影で盗み聞きをしているこちらまで、ドキドキしてくるような、それ。
昼休みに、呼び出されたから、と薫が席を立ち、ついてこっか、と茜に声をかけられて今、ここにいる。
校舎裏で、なんなら、グラウンドからサッカーをやっている男の子の声だったり、昼練をする吹奏楽の音色だったりが風に乗って聞こえてくる。

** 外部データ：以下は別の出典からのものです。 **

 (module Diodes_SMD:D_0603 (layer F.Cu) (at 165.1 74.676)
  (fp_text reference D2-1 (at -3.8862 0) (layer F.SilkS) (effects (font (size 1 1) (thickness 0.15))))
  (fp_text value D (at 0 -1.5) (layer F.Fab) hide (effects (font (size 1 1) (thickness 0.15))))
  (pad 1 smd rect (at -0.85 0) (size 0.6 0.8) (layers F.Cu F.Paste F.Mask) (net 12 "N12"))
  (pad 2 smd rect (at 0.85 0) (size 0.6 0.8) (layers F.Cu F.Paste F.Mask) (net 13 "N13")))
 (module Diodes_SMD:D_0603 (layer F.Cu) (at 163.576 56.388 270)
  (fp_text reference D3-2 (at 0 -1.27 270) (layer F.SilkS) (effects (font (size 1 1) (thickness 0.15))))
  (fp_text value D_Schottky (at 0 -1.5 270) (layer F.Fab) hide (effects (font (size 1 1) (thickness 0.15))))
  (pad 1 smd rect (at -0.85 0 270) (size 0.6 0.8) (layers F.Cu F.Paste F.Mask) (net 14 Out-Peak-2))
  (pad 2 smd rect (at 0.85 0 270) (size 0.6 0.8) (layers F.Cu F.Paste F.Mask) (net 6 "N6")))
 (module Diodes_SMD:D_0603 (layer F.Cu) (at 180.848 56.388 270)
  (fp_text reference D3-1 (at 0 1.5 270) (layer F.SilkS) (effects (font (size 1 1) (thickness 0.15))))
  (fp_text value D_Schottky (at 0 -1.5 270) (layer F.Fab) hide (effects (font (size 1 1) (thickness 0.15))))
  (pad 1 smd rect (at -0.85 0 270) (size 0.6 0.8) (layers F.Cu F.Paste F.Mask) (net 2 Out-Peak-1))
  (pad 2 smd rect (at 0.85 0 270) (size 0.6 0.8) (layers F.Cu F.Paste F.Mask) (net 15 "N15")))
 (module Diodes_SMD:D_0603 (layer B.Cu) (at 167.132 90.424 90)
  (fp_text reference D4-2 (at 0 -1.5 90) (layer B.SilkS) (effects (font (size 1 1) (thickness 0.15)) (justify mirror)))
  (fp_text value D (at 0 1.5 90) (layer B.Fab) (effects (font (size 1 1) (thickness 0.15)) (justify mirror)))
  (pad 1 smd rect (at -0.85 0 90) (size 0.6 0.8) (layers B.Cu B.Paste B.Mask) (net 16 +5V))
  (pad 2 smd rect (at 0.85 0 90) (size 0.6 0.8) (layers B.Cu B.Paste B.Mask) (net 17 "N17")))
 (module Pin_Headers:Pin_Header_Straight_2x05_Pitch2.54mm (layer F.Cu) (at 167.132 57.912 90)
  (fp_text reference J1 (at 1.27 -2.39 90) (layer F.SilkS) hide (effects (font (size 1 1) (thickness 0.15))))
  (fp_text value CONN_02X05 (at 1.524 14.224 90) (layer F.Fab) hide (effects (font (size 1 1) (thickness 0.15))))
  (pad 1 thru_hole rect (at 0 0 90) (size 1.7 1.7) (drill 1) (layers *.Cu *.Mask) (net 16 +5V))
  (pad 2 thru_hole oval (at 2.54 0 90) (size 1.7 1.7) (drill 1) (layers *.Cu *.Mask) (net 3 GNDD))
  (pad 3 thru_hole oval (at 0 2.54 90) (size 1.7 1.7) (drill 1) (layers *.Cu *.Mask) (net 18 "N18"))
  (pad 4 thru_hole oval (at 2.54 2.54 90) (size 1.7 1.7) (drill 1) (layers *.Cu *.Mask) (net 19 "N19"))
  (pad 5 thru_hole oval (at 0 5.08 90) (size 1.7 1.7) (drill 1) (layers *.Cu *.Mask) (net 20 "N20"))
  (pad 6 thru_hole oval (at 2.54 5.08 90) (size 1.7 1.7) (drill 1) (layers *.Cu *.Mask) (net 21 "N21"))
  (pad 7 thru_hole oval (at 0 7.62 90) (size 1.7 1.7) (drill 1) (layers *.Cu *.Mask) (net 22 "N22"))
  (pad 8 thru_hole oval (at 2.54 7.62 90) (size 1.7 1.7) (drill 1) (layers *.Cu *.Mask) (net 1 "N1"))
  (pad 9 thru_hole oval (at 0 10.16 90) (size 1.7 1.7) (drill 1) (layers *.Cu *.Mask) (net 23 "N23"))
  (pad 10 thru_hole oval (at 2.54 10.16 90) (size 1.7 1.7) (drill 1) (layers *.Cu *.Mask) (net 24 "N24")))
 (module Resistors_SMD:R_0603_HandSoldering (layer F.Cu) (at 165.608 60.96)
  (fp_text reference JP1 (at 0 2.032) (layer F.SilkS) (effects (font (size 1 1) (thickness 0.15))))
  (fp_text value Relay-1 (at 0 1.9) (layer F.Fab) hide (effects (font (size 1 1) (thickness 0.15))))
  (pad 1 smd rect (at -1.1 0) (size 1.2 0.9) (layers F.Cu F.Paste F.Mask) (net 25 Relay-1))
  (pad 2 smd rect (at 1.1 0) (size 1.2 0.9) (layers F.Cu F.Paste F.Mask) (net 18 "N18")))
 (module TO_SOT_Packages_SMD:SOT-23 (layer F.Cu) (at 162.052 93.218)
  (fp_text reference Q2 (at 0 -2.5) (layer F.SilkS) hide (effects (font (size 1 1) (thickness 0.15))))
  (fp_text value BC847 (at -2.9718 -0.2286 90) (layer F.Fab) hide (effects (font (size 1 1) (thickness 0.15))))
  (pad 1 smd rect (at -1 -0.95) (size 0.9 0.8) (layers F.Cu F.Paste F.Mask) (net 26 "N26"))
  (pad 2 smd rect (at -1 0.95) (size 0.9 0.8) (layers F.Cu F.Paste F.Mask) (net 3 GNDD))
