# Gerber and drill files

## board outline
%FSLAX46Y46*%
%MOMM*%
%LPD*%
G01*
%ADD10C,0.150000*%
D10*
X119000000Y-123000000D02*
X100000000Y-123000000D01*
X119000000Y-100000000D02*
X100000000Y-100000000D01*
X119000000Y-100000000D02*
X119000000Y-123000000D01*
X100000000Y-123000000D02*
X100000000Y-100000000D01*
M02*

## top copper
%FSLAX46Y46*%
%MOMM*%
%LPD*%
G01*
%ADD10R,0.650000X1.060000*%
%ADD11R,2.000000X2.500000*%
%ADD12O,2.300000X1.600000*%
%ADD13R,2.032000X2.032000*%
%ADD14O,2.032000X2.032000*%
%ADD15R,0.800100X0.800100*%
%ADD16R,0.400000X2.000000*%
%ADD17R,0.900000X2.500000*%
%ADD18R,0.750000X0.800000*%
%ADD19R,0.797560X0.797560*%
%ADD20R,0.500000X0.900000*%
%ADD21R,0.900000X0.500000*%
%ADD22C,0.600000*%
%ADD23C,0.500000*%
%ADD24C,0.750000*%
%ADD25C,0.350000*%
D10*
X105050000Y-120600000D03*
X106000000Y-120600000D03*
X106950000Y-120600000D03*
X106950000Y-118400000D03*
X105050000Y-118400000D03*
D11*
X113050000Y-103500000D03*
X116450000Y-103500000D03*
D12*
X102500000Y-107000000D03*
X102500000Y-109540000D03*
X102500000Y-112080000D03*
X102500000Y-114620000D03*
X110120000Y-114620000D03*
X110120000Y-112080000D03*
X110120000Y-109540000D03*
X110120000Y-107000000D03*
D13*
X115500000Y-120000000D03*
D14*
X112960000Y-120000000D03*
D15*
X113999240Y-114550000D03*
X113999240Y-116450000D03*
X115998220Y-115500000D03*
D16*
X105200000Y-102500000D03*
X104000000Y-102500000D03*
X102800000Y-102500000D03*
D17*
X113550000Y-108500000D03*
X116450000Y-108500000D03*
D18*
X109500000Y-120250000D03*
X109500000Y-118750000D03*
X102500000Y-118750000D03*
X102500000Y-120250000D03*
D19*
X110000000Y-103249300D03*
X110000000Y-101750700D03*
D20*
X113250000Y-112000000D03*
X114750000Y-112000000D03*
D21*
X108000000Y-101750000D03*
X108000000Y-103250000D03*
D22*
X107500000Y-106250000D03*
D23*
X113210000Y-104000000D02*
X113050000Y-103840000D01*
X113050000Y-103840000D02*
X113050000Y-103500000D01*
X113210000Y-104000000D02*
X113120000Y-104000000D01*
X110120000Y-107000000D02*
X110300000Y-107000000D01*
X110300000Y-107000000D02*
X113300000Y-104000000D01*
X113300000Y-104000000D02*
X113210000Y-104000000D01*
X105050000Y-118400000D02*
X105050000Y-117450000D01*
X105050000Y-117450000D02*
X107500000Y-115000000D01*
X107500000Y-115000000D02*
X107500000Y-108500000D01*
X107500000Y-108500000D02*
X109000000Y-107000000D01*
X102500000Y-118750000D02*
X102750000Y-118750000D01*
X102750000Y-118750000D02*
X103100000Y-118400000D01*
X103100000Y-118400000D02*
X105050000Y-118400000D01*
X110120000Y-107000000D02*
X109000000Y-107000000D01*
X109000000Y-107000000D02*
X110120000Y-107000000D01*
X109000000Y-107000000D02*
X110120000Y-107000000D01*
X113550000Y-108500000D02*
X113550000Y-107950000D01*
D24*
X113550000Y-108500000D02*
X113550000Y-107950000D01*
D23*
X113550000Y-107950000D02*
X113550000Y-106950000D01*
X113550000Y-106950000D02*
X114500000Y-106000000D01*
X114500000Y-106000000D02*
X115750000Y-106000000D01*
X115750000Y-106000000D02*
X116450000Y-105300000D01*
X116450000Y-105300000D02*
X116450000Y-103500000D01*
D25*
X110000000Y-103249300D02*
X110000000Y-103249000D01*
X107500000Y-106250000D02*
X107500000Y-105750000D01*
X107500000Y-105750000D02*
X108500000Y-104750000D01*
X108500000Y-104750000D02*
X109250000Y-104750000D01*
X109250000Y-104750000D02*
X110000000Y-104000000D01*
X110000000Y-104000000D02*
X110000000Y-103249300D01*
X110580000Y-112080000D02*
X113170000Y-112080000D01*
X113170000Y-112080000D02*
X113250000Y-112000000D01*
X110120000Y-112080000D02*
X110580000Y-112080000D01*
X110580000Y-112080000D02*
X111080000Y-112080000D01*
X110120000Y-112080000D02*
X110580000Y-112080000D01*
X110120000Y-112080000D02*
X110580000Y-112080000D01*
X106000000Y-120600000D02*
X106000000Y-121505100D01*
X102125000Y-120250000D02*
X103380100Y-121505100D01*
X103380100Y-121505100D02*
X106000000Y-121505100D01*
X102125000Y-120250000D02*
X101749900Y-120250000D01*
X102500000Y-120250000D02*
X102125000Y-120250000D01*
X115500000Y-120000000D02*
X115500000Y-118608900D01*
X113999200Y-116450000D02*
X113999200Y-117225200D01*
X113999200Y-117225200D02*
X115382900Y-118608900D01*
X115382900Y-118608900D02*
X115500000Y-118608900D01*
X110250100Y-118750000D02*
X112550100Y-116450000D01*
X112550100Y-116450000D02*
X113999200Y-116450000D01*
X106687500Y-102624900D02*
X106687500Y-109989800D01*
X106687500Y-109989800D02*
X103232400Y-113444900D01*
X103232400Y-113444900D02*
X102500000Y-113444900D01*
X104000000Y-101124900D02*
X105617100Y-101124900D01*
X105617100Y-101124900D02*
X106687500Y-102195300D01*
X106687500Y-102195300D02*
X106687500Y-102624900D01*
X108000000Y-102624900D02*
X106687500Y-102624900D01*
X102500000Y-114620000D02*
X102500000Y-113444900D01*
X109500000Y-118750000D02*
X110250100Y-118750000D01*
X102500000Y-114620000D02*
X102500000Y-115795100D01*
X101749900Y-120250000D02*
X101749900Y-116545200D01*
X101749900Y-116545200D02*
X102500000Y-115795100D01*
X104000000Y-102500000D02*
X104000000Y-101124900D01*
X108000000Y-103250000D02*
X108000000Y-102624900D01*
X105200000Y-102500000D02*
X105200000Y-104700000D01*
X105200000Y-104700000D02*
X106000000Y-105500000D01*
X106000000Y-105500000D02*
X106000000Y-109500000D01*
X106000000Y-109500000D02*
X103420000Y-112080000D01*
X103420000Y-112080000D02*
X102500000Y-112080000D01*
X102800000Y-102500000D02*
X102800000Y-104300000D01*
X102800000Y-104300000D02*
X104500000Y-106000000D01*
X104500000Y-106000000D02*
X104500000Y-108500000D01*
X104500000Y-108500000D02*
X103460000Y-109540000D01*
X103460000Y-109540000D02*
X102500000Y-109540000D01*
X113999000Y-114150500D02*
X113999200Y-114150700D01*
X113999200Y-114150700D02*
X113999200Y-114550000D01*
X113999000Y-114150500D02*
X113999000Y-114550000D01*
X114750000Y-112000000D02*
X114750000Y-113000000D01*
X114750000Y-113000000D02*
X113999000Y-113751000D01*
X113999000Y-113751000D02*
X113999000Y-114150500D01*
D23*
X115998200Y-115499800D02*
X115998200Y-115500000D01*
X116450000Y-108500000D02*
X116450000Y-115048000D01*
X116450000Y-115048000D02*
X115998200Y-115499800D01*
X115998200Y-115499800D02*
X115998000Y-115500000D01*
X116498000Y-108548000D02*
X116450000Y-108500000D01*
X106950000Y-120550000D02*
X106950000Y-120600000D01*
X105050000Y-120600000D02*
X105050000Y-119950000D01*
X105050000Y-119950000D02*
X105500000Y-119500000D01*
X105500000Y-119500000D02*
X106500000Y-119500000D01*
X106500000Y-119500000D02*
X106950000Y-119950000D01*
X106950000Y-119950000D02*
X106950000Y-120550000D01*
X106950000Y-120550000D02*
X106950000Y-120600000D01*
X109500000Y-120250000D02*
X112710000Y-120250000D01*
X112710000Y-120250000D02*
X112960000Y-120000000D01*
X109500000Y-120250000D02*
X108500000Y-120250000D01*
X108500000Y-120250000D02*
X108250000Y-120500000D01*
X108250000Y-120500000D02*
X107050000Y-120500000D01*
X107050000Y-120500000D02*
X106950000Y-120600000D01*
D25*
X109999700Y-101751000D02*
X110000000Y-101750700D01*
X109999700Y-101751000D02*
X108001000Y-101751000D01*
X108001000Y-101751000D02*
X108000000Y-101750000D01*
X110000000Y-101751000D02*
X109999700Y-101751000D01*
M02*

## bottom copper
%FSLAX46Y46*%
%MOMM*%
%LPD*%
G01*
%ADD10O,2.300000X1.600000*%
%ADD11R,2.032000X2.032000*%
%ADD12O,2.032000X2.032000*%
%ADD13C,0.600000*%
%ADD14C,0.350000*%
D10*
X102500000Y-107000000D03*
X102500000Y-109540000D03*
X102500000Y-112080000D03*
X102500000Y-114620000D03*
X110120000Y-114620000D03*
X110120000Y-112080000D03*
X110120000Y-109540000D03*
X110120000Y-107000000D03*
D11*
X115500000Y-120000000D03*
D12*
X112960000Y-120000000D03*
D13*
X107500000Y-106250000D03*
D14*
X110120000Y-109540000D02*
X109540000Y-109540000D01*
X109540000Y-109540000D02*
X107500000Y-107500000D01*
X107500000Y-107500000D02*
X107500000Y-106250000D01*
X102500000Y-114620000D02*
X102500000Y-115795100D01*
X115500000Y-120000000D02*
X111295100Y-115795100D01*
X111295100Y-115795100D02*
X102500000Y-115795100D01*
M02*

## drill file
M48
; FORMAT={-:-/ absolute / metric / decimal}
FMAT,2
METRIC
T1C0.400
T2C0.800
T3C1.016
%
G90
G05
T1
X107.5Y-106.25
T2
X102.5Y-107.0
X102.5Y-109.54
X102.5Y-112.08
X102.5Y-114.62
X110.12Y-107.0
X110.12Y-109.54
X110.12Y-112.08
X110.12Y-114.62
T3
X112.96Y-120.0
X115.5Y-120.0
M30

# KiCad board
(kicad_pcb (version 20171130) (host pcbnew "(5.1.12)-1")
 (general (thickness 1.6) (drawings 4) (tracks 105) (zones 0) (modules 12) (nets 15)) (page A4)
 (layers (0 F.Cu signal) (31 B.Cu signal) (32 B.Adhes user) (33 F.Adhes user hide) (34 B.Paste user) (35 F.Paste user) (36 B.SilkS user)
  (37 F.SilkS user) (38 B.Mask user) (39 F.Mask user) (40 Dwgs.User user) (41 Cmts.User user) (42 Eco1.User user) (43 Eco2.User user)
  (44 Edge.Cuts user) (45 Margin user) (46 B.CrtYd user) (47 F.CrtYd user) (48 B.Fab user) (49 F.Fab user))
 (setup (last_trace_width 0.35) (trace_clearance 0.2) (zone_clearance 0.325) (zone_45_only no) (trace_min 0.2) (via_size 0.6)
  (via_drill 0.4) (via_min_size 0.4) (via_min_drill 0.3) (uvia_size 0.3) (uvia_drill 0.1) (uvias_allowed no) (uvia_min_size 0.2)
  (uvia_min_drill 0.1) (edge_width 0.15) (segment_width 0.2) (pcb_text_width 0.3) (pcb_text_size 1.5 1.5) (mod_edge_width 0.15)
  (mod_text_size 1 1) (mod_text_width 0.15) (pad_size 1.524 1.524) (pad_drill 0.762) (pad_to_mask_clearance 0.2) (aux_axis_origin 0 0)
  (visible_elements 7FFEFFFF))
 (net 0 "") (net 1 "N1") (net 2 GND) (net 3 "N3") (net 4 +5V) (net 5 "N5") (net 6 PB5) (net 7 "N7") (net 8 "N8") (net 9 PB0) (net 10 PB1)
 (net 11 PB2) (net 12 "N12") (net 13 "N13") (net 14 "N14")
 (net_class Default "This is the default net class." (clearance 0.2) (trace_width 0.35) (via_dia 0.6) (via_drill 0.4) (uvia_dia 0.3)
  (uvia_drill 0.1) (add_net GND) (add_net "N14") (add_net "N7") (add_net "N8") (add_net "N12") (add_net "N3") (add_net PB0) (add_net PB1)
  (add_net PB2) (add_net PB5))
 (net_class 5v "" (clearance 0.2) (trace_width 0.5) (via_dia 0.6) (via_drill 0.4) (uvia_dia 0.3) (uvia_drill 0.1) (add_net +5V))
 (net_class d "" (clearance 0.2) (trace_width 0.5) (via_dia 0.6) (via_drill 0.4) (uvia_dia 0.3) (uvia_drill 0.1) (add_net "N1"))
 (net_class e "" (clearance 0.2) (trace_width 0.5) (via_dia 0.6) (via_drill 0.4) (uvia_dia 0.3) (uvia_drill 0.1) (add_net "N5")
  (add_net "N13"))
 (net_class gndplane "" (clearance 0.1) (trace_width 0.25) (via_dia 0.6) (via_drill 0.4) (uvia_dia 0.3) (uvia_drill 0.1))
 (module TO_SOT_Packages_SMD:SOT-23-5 (layer F.Cu) (at 106 119.5 90)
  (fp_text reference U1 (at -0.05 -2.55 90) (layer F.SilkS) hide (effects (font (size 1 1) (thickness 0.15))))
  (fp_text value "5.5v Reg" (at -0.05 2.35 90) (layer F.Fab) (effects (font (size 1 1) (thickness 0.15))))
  (pad 1 smd rect (at -1.1 -0.95 90) (size 1.06 0.65) (layers F.Cu F.Paste F.Mask) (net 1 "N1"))
  (pad 2 smd rect (at -1.1 0 90) (size 1.06 0.65) (layers F.Cu F.Paste F.Mask) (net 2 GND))
  (pad 3 smd rect (at -1.1 0.95 90) (size 1.06 0.65) (layers F.Cu F.Paste F.Mask) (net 1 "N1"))
  (pad 4 smd rect (at 1.1 0.95 90) (size 1.06 0.65) (layers F.Cu F.Paste F.Mask) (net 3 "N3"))
  (pad 5 smd rect (at 1.1 -0.95 90) (size 1.06 0.65) (layers F.Cu F.Paste F.Mask) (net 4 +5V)))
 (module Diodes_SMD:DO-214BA (layer F.Cu) (at 114.75 103.5 180)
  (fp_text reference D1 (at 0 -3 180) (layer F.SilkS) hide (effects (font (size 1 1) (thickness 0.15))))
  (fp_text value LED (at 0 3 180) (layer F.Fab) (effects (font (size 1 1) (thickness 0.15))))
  (pad 2 smd rect (at 1.7 0 180) (size 2 2.5) (layers F.Cu F.Paste F.Mask) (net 4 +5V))
  (pad 1 smd rect (at -1.7 0 180) (size 2 2.5) (layers F.Cu F.Paste F.Mask) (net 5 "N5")))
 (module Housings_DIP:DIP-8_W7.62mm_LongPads (layer F.Cu) (at 102.5 107)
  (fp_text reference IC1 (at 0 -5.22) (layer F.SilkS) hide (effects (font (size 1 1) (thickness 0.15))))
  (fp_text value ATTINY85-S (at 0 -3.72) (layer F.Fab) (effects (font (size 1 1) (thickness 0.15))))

その賑わいが、近くのはずなのにどこか遠く感じる、そんな場所。
角を曲がれば、すぐそこで告白が行われている。
「ごめんなさい、誰とも付き合う気はないの」
サラッと、ハスキーな声が告げる。
微塵の未練も残させないような、スパッとした言い方にギュッと胸が締め付けられる。
「きゃっ」
「あ、ごめん!」
ものすごい速さで、男の子は走り去っていった。
「肩、大丈夫?」
落ち着いた声が心配してくれる。
顔を上げれば、薫がキュッと眉を寄せてわたしを見ていた。
「ごめん、俺がもうちょっとあっち側に寄ってればよかったね」
茜まで同じような表情でわたしを見降ろしてくるから、慌てて首を横に振る。
「ぜんっぜん大丈夫! ボーっとしてたわたしが悪いもん、あいたっ」
笑顔で返せば、コツン、と軽めのデコピンを薫にされた。
おでこを擦りながら薫を見上げれば、露骨にため息を吐かれる。なんで。
「薫」
茜が困ったように笑いながら、薫を見る。
まだ少しだけど、一緒にいて気づいたこと。茜はよく困ったように笑う。
そのときはいつもどこかこう、幼い子供を見ているお兄ちゃんみたいな優しさが籠った瞳をしていて、なんとなくお気に入りの笑い方だったりする。お兄ちゃんなんていたことがないから、実際はどうなのかわからないけれど。
茜の促すような視線に、薫はもう一度ため息を吐いた。
「……私、あんまり嘘を吐かれたくないの。痛かったら痛いって言って。辛かったら辛いって言って」
「えっと……?」
ちょっと、いや、結構重いことを言われて、思わず助けを求めて茜を見上げる。
茜の眉尻が、更に下がった。
「無理しないでねってことかな」
「無理してないよ?」
うん、わかってる、と茜がうなずいてくれる。
「肩、痛くないわけじゃないでしょ」
ぽつりと薫が言う。
わたしは小さく首を傾げながら、微笑む。
「うーん、確かにそうなんだけど、でも、本当にちょっと打っただけだし。言うほど痛くはないよ。心配してくれてありがとう」
ぺこりと軽く頭を下げてもう一度薫を見れば、彼女はキョトンとした表情をしていた。
「……もしかしてわたし、変なこと言ったかな」
不安になって茜を見上げれば、茜は小さく笑った。
「単純に、俺以外との会話に慣れてないからだと思うよ」
「茜!」
鋭い声に、思わず肩を震わせたけれど、茜は軽やかに笑うだけだ。
薫を見れば、ただでさえ吊り上がっている目が更に鋭くなっていたけれど、頬がほんのり赤く染まっている。……なんというか、可愛い。
「照れてる」
「茜、うるさい」
薫は茜を睨みつけてからわたしに視線を移すと、キュッと眉を寄せて、小さく口を尖らせた。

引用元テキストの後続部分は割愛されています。